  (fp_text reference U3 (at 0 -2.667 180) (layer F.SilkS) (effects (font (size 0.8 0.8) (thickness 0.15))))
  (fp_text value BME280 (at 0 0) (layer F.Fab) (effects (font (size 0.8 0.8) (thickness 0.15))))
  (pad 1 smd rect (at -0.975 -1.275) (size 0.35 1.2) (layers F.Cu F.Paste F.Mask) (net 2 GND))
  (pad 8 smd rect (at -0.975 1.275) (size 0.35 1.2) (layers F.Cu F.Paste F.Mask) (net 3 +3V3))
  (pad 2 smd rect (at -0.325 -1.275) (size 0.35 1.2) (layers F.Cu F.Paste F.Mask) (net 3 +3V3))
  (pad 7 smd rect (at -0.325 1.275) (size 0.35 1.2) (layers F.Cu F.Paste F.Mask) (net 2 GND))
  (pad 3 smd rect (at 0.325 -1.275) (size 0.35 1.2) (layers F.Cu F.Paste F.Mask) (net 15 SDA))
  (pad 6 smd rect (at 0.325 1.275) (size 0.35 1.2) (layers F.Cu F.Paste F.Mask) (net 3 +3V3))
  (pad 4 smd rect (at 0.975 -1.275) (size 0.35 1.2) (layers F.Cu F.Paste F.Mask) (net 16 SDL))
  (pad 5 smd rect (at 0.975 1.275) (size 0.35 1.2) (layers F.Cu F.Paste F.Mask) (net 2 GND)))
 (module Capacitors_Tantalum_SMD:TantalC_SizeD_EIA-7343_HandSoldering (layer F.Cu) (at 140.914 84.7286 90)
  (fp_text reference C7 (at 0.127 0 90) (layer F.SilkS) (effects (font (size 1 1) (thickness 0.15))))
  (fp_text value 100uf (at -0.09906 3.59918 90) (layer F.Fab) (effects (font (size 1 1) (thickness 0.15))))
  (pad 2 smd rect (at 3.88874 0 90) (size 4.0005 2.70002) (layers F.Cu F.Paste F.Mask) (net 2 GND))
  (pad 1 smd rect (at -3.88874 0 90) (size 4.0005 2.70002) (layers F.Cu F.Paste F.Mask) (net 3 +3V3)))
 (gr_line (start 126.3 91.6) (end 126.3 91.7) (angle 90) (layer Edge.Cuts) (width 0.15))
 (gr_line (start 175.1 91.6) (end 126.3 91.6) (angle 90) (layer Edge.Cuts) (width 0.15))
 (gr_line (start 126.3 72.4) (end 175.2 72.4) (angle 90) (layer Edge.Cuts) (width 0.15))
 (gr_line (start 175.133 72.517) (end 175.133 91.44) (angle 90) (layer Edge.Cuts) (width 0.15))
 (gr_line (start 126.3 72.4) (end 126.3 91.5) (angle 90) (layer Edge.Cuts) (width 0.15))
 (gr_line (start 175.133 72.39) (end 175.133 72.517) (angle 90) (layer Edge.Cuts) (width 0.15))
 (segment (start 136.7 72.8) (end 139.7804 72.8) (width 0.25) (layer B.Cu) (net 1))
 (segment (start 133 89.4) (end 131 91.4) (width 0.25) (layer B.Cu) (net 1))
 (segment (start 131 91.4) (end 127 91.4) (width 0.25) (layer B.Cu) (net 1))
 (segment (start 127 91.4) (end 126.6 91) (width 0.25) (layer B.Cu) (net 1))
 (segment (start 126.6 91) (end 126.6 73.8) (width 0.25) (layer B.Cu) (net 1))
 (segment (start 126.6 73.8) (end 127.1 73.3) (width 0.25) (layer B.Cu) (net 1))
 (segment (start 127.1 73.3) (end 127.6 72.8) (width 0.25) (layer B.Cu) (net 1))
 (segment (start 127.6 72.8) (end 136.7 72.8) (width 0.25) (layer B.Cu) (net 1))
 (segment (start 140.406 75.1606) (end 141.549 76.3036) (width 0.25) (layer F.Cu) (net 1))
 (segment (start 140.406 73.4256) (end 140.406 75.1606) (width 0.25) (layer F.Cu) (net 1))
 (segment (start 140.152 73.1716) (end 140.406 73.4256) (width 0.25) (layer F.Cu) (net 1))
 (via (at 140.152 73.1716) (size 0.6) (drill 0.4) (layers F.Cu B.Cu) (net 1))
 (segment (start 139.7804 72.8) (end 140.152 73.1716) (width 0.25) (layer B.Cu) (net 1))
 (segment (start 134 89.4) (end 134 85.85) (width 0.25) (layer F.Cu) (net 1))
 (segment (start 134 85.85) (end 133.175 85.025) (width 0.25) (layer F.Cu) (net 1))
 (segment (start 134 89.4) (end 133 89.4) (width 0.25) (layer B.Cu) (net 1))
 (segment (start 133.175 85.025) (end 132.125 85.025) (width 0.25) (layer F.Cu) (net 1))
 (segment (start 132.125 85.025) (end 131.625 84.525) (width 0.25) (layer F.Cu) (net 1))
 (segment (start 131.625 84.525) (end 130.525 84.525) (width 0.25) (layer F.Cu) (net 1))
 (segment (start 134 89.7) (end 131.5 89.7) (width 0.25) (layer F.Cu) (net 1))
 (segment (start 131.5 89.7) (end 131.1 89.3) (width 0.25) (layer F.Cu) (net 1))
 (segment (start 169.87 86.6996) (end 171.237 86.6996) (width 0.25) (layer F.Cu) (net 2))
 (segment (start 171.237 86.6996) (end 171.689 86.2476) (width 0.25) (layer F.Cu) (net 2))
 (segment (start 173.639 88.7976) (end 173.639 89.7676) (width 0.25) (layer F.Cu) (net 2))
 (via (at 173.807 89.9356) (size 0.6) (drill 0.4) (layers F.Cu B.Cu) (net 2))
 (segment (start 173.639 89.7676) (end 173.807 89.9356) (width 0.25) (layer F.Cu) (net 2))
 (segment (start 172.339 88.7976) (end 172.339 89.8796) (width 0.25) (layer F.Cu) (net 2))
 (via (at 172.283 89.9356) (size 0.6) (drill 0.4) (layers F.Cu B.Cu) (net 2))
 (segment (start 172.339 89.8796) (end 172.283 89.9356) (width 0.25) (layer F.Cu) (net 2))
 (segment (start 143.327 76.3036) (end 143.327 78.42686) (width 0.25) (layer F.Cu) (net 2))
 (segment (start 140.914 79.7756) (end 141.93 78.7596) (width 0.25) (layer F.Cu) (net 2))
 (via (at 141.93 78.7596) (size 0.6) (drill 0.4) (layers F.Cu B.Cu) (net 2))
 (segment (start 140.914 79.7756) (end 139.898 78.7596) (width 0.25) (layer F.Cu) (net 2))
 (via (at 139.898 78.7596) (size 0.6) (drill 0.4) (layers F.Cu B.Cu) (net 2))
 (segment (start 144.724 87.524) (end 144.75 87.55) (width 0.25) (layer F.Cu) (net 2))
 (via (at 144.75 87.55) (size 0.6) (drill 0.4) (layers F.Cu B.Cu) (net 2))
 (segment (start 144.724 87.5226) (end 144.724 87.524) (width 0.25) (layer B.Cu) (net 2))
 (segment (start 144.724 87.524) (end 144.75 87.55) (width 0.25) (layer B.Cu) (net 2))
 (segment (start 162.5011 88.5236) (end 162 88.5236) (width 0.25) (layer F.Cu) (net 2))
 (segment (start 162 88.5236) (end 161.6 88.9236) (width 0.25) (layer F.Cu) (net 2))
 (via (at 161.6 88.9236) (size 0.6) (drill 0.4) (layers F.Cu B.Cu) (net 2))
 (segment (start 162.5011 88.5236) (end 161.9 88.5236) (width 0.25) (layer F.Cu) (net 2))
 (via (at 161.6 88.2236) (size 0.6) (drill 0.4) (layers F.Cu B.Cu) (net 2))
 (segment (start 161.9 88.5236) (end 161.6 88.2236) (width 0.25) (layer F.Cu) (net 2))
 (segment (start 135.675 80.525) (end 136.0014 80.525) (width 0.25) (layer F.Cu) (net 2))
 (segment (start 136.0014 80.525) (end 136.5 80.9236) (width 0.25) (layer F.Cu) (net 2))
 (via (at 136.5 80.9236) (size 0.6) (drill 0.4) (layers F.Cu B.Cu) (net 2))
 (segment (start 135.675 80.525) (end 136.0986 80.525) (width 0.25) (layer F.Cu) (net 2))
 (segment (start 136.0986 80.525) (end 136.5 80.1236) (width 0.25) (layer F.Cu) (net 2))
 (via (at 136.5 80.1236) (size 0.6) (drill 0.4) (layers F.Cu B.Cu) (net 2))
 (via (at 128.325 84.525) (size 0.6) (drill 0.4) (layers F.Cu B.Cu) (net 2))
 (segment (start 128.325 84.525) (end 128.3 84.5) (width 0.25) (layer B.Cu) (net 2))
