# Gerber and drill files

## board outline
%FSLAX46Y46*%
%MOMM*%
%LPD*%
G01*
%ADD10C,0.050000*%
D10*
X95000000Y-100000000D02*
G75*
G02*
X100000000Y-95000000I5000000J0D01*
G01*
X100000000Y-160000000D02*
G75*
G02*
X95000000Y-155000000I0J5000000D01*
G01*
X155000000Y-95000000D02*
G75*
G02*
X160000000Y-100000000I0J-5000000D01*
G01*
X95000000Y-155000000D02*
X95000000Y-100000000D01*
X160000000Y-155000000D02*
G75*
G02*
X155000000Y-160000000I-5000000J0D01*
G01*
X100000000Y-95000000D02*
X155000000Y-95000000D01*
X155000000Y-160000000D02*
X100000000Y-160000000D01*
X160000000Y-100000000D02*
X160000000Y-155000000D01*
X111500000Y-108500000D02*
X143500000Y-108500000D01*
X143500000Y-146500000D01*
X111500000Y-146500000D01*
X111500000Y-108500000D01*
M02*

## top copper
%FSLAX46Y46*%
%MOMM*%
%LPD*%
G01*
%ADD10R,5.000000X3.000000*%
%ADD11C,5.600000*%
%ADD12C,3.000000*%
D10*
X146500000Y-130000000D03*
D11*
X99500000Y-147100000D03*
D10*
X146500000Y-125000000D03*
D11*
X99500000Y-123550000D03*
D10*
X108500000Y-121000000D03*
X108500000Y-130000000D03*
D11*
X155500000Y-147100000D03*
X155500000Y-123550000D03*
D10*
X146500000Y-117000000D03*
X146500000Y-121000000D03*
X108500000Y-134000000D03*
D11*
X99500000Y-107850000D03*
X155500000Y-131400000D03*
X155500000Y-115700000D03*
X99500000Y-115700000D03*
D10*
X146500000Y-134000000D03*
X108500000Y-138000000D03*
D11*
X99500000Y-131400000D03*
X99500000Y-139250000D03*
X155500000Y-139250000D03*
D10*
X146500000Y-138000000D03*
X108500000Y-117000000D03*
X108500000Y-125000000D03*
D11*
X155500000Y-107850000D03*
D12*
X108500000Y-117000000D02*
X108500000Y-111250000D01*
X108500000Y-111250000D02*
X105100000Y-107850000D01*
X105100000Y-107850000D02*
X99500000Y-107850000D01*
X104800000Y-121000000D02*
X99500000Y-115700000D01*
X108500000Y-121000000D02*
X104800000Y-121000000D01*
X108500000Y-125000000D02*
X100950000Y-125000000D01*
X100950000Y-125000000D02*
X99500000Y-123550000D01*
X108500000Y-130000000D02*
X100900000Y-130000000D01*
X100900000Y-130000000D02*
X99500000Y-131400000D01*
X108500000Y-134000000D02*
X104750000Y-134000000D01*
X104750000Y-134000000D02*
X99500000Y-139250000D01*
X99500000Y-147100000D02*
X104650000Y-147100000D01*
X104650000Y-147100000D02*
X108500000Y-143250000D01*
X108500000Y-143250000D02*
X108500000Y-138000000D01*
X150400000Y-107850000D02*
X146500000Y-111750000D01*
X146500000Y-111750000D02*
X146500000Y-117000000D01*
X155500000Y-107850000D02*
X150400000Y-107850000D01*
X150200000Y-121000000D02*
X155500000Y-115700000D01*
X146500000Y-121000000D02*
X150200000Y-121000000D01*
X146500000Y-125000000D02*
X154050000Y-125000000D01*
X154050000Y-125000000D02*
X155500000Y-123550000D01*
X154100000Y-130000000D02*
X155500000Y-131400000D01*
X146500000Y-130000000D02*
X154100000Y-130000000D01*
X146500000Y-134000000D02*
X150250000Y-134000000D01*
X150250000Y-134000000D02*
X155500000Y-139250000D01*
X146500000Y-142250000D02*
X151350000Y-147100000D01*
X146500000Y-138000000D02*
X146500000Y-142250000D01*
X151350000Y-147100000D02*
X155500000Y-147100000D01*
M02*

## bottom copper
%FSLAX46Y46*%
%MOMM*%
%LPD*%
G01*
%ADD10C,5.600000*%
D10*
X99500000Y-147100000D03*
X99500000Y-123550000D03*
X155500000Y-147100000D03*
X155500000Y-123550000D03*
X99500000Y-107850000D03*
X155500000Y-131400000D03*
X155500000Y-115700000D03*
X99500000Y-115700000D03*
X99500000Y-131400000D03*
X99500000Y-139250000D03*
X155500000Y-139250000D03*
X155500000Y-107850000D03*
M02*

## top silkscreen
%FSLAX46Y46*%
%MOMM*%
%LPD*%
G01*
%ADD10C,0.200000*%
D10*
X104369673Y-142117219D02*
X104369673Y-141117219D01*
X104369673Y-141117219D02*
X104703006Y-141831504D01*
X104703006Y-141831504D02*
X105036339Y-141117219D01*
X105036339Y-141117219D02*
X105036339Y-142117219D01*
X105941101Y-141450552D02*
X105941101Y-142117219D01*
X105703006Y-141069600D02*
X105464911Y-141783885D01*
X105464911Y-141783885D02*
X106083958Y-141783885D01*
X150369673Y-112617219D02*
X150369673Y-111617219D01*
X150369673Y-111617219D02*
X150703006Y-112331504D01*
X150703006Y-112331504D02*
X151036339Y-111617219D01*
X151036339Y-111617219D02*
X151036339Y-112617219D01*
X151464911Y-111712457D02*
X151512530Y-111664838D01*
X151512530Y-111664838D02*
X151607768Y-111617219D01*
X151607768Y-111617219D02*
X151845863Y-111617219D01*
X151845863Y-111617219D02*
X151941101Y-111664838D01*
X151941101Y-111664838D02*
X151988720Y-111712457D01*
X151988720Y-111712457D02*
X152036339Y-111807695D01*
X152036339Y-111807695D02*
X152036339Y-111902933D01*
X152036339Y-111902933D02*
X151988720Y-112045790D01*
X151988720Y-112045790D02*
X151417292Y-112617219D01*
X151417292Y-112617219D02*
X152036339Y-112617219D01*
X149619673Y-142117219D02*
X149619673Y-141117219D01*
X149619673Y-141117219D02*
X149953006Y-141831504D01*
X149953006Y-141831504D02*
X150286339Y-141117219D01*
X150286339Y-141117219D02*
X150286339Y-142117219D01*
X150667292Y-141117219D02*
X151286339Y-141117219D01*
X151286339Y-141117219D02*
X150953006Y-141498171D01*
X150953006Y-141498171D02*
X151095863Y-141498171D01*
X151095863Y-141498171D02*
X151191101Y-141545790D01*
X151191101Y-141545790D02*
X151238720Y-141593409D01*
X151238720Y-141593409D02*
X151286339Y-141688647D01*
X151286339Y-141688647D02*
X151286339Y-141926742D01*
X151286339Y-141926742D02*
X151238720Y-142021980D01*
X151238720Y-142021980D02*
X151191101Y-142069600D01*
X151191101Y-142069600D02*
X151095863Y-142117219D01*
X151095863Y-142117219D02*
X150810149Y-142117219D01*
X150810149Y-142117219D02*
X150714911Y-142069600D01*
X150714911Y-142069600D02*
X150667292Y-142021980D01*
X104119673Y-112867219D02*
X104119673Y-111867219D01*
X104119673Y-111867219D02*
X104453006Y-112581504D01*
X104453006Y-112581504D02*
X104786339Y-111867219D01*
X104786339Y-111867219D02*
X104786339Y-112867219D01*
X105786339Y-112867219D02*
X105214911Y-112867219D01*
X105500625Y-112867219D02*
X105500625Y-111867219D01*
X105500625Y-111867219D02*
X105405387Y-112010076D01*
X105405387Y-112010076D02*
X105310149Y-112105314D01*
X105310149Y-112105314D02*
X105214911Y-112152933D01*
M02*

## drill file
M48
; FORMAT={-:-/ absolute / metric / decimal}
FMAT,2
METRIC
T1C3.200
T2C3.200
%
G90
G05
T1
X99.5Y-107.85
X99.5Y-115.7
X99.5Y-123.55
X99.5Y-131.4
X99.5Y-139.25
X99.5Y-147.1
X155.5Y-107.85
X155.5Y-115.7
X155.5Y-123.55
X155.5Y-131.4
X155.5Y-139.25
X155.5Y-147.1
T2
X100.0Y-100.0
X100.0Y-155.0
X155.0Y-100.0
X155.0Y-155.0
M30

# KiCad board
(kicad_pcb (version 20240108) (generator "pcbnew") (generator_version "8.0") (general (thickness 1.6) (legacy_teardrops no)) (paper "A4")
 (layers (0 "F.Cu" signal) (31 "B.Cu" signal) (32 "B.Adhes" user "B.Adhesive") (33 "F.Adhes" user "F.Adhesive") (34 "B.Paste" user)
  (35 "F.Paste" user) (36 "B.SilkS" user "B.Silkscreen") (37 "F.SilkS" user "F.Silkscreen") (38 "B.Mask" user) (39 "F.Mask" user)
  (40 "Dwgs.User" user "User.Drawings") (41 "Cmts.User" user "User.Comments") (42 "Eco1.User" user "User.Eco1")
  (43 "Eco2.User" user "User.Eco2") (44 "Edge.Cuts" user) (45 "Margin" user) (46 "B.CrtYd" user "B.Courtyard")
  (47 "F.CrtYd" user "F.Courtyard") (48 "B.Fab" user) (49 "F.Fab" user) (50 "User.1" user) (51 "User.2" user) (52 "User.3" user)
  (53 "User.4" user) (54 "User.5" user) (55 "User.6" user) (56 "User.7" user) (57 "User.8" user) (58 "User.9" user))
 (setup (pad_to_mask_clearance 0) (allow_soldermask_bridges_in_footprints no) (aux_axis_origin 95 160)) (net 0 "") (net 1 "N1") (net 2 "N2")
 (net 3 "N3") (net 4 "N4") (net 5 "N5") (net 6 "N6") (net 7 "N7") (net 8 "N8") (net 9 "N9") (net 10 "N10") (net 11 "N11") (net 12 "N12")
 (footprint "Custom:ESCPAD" (layer "F.Cu") (at 146.5 130)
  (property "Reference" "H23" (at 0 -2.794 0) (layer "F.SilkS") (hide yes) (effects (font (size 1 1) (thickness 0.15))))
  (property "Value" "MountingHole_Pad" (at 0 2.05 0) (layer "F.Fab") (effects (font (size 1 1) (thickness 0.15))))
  (pad "1" smd rect (at 0 0) (size 5 3) (layers "F.Cu" "F.Mask") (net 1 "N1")))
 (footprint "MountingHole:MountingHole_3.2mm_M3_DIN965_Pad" (layer "F.Cu") (at 99.5 147.1)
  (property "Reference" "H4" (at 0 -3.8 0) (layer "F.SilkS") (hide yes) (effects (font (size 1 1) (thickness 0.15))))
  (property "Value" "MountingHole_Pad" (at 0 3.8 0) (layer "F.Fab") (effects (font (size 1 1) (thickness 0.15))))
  (pad "1" thru_hole circle (at 0 0) (size 5.6 5.6) (drill 3.2) (layers "*.Cu" "*.Mask") (remove_unused_layers no) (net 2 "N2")))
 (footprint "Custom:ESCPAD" (layer "F.Cu") (at 146.5 125)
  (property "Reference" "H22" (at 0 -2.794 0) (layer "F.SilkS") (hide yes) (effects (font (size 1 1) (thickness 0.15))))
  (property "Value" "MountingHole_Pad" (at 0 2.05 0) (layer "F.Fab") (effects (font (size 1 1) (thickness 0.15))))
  (pad "1" smd rect (at 0 0) (size 5 3) (layers "F.Cu" "F.Mask") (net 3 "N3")))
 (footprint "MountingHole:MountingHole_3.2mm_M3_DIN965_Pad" (layer "F.Cu") (at 99.5 123.55)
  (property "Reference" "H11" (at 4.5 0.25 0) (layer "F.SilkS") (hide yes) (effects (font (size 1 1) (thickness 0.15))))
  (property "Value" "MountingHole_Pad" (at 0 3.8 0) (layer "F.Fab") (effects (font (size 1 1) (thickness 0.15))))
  (pad "1" thru_hole circle (at 0 0) (size 5.6 5.6) (drill 3.2) (layers "*.Cu" "*.Mask") (remove_unused_layers no) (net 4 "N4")))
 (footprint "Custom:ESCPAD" (layer "F.Cu") (at 108.5 121)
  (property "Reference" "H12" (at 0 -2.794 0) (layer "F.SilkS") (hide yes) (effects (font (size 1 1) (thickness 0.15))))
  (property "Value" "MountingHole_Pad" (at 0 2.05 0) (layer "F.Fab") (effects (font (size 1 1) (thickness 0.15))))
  (pad "1" smd rect (at 0 0) (size 5 3) (layers "F.Cu" "F.Mask") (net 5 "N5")))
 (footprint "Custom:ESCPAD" (layer "F.Cu") (at 108.5 130)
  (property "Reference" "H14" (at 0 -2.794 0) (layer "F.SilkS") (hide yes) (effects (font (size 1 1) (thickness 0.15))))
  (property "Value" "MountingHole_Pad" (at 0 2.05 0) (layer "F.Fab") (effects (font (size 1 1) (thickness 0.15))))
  (pad "1" smd rect (at 0 0) (size 5 3) (layers "F.Cu" "F.Mask") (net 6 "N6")))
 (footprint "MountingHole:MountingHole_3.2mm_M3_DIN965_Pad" (layer "F.Cu") (at 155.5 147.1)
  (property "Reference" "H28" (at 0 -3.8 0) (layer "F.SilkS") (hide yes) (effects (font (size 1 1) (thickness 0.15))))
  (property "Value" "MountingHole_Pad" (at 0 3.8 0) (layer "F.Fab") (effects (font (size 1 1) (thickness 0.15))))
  (pad "1" thru_hole circle (at 0 0) (size 5.6 5.6) (drill 3.2) (layers "*.Cu" "*.Mask") (remove_unused_layers no) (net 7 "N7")))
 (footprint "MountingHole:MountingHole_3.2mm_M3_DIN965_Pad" (layer "F.Cu") (at 155.5 123.55)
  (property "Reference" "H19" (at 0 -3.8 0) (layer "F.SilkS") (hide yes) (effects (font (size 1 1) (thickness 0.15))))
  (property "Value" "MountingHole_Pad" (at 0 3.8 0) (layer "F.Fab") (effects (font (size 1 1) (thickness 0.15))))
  (pad "1" thru_hole circle (at 0 0) (size 5.6 5.6) (drill 3.2) (layers "*.Cu" "*.Mask") (remove_unused_layers no) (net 3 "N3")))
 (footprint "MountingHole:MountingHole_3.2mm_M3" (layer "F.Cu") (at 155 155)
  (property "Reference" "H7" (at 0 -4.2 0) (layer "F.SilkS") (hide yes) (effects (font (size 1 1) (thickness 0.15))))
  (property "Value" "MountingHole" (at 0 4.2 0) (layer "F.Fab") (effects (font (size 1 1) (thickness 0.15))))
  (pad "" np_thru_hole circle (at 0 0) (size 3.2 3.2) (drill 3.2) (layers "*.Cu" "*.Mask")))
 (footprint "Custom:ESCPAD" (layer "F.Cu") (at 146.5 117)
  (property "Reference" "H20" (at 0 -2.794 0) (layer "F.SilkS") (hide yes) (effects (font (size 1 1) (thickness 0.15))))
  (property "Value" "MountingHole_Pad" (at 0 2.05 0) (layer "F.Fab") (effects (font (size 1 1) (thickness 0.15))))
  (pad "1" smd rect (at 0 0) (size 5 3) (layers "F.Cu" "F.Mask") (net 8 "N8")))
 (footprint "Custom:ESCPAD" (layer "F.Cu") (at 146.5 121)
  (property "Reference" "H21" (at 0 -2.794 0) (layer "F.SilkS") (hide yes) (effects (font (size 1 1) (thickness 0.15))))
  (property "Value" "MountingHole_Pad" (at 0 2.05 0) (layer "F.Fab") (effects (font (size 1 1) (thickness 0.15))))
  (pad "1" smd rect (at 0 0) (size 5 3) (layers "F.Cu" "F.Mask") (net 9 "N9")))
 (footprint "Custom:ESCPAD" (layer "F.Cu") (at 108.5 134)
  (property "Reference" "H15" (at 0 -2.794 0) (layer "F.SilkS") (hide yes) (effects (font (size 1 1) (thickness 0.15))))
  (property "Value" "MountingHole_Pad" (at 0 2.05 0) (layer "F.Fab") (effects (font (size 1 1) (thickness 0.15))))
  (pad "1" smd rect (at 0 0) (size 5 3) (layers "F.Cu" "F.Mask") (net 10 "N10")))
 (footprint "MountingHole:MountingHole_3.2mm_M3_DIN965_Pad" (layer "F.Cu") (at 99.5 107.85)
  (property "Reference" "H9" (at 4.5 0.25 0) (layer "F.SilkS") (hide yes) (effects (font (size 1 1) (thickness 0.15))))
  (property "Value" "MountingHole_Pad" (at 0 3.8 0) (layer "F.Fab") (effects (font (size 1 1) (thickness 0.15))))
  (pad "1" thru_hole circle (at 0 0) (size 5.6 5.6) (drill 3.2) (layers "*.Cu" "*.Mask") (remove_unused_layers no) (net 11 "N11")))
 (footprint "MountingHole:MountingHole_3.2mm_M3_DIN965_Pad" (layer "F.Cu") (at 155.5 131.4)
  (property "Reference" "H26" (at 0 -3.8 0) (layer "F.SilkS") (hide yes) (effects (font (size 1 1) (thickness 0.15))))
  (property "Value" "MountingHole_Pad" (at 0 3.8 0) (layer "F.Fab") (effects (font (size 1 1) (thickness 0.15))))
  (pad "1" thru_hole circle (at 0 0) (size 5.6 5.6) (drill 3.2) (layers "*.Cu" "*.Mask") (remove_unused_layers no) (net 1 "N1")))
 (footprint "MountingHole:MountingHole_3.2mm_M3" (layer "F.Cu") (at 100 155)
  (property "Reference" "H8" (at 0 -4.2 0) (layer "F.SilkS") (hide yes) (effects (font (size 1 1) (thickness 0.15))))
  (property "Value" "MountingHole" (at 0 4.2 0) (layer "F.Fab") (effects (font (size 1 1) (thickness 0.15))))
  (pad "" np_thru_hole circle (at 0 0) (size 3.2 3.2) (drill 3.2) (layers "*.Cu" "*.Mask")))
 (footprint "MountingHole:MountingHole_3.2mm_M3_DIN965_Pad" (layer "F.Cu") (at 155.5 115.7)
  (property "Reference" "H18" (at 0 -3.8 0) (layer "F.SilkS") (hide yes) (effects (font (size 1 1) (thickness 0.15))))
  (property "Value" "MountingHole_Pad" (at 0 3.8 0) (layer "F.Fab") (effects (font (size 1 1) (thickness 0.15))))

________________________________________

▸ **TASK OBJECTIVE**
Each line that contains "Custom" is to be copied from the listing above.

▸ **OUTPUT OF THE TASK**
 (footprint "Custom:ESCPAD" (layer "F.Cu") (at 146.5 130)
 (footprint "Custom:ESCPAD" (layer "F.Cu") (at 146.5 125)
 (footprint "Custom:ESCPAD" (layer "F.Cu") (at 108.5 121)
 (footprint "Custom:ESCPAD" (layer "F.Cu") (at 108.5 130)
 (footprint "Custom:ESCPAD" (layer "F.Cu") (at 146.5 117)
 (footprint "Custom:ESCPAD" (layer "F.Cu") (at 146.5 121)
 (footprint "Custom:ESCPAD" (layer "F.Cu") (at 108.5 134)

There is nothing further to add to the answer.